Wenn Schulz nun nicht bestätigt wird, kommt Bewegung in das gesamte Gefüge. Im Abgeordnetenhaus könnte es zu Änderungen kommen - wenn etwa die EVP den Posten eines Vizepräsidenten abtreten muss, weil ihr Vertreter ja den Vorsitz übernimmt. Und die nächste Debatte könnte das Amt des EU-Ratspräsidenten betreffen. Derzeit hat dieses der Pole Donald Tusk inne, dessen Parteikollegen in der EVP vertreten sind. Um ihn zu unterstützen, könnten die polnischen EU-Mandatare sogar für Schulz stimmen. Denn Tusks Amtszeit läuft kommenden Mai aus. Wenn die Sozialdemokraten aber nicht mehr den Parlamentspräsidenten stellen, könnten sie den Posten des Ratspräsidenten für sich beanspruchen. EU-Kommissionspräsident Jean-Claude Juncker kommt nämlich ebenfalls aus den Reihen der Christdemokraten.

Politisches Gleichgewicht

"Wir können nicht akzeptieren, dass alle drei Topposten der EU-Institutionen in den Händen der EVP sind", sagt denn auch der Fraktionsvorsitzende der Sozialdemokraten im EU-Abgeordnetenhaus, Gianni Pittella. Und auch wenn er Schulz höchstes Lob ausspricht, weist er darauf hin, dass es nicht nur eine Frage der Person sei, "sondern eine Frage des Gleichgewichts zwischen politischen Kräften". Ähnliches war schon ebenfalls aus den Reihen der Grünen zu hören. Als Argument wird außerdem angeführt, dass die Fortsetzung der Zusammenarbeit der EU-Institutionen in der jetzigen Form Stabilität gewähre, die die Union benötige.

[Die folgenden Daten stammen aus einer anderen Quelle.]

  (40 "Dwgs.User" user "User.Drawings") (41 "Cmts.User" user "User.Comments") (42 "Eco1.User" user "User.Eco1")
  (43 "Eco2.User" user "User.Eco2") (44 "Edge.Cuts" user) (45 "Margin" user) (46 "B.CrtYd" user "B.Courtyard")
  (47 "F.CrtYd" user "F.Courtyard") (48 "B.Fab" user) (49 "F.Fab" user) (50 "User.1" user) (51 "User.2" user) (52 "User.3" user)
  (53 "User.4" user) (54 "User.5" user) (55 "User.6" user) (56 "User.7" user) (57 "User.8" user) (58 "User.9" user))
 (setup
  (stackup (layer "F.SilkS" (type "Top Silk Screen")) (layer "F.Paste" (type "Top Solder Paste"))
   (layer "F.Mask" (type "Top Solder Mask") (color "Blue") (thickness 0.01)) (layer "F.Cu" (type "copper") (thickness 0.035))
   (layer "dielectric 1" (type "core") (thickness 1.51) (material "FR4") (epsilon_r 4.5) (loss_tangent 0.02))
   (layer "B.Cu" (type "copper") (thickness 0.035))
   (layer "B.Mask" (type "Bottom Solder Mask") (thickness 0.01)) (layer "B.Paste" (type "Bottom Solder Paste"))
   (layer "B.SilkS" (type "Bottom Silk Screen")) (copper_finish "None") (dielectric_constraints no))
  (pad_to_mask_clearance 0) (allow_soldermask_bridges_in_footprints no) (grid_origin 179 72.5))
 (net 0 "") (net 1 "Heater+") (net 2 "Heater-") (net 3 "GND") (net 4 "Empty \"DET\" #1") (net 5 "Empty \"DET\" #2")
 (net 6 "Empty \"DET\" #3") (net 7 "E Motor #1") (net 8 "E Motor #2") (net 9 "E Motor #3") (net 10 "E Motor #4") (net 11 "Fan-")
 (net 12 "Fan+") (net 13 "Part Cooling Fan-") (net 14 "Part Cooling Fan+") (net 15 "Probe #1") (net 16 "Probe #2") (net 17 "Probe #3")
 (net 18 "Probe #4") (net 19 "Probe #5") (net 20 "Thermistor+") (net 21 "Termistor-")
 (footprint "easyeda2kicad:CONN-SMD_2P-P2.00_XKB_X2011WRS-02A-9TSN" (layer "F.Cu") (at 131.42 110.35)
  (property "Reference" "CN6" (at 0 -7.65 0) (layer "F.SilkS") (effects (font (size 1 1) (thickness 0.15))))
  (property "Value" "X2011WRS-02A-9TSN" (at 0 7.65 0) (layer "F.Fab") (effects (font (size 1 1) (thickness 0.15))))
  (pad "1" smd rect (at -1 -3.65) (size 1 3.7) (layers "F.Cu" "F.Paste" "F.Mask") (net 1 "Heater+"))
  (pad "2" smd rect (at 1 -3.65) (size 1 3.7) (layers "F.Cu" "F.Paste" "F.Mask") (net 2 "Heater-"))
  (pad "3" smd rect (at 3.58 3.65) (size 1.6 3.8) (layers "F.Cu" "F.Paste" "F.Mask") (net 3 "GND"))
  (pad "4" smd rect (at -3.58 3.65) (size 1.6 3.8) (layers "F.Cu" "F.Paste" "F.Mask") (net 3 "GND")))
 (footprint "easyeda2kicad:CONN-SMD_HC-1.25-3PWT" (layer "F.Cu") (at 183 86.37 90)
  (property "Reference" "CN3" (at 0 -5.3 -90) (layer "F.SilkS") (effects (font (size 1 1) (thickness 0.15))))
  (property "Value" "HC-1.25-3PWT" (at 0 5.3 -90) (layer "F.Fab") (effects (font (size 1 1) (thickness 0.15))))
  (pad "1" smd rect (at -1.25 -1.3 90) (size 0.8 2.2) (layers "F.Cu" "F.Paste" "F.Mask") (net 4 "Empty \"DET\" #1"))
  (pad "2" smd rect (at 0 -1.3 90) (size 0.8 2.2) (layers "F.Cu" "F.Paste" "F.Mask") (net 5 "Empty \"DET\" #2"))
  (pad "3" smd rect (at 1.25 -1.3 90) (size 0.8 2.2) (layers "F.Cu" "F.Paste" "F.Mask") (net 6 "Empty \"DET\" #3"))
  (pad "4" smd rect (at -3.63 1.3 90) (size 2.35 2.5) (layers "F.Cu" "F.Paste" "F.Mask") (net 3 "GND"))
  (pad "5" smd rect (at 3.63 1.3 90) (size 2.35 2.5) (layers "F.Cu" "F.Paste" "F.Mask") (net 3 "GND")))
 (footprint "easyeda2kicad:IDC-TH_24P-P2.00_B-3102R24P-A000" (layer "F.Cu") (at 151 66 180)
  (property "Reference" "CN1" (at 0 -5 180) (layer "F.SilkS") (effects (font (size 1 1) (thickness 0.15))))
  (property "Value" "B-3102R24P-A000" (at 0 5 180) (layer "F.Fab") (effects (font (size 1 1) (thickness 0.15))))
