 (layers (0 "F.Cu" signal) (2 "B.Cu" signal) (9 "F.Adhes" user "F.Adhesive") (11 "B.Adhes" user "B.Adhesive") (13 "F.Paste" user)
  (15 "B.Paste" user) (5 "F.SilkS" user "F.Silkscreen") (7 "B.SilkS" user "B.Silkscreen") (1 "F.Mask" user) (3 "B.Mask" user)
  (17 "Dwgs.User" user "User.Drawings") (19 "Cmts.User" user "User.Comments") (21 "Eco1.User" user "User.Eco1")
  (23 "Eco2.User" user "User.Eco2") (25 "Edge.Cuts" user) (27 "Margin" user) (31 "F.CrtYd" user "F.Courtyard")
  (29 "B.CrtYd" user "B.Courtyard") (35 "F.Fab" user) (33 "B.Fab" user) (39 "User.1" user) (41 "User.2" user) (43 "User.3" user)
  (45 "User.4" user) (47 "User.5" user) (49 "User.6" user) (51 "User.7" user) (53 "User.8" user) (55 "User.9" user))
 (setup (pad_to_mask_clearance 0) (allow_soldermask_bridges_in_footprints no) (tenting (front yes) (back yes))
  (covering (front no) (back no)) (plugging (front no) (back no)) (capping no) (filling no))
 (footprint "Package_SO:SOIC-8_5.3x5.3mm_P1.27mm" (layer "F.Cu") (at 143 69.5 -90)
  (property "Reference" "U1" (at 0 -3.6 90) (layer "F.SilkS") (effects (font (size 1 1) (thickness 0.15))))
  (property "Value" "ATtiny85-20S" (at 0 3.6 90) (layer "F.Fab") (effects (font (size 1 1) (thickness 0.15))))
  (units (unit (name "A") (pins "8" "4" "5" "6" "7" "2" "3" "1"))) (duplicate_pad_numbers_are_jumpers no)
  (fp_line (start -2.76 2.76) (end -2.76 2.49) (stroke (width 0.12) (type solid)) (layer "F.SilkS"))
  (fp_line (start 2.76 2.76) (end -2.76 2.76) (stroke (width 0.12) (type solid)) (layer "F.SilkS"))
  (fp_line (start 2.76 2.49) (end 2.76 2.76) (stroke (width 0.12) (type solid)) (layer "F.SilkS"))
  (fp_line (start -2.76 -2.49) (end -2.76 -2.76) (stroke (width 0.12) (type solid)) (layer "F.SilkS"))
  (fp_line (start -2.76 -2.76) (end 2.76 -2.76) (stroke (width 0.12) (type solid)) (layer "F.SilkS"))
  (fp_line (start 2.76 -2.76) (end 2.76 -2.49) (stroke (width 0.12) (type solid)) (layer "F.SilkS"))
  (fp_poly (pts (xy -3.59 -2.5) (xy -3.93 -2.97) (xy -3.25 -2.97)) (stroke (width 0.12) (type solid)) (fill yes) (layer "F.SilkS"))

In der EVP wird abgewiegelt. Es wäre nicht das erste Mal, dass alle drei Spitzenpositionen mit Christdemokraten besetzt sind. Gleichzeitig kommen warnende Stimmen: Allzu lange Personaldiskussionen seien nicht angebracht. "Keine Dringlichkeit" dafür ortet etwa der ÖVP-Europaabgeordnete Othmar Karas.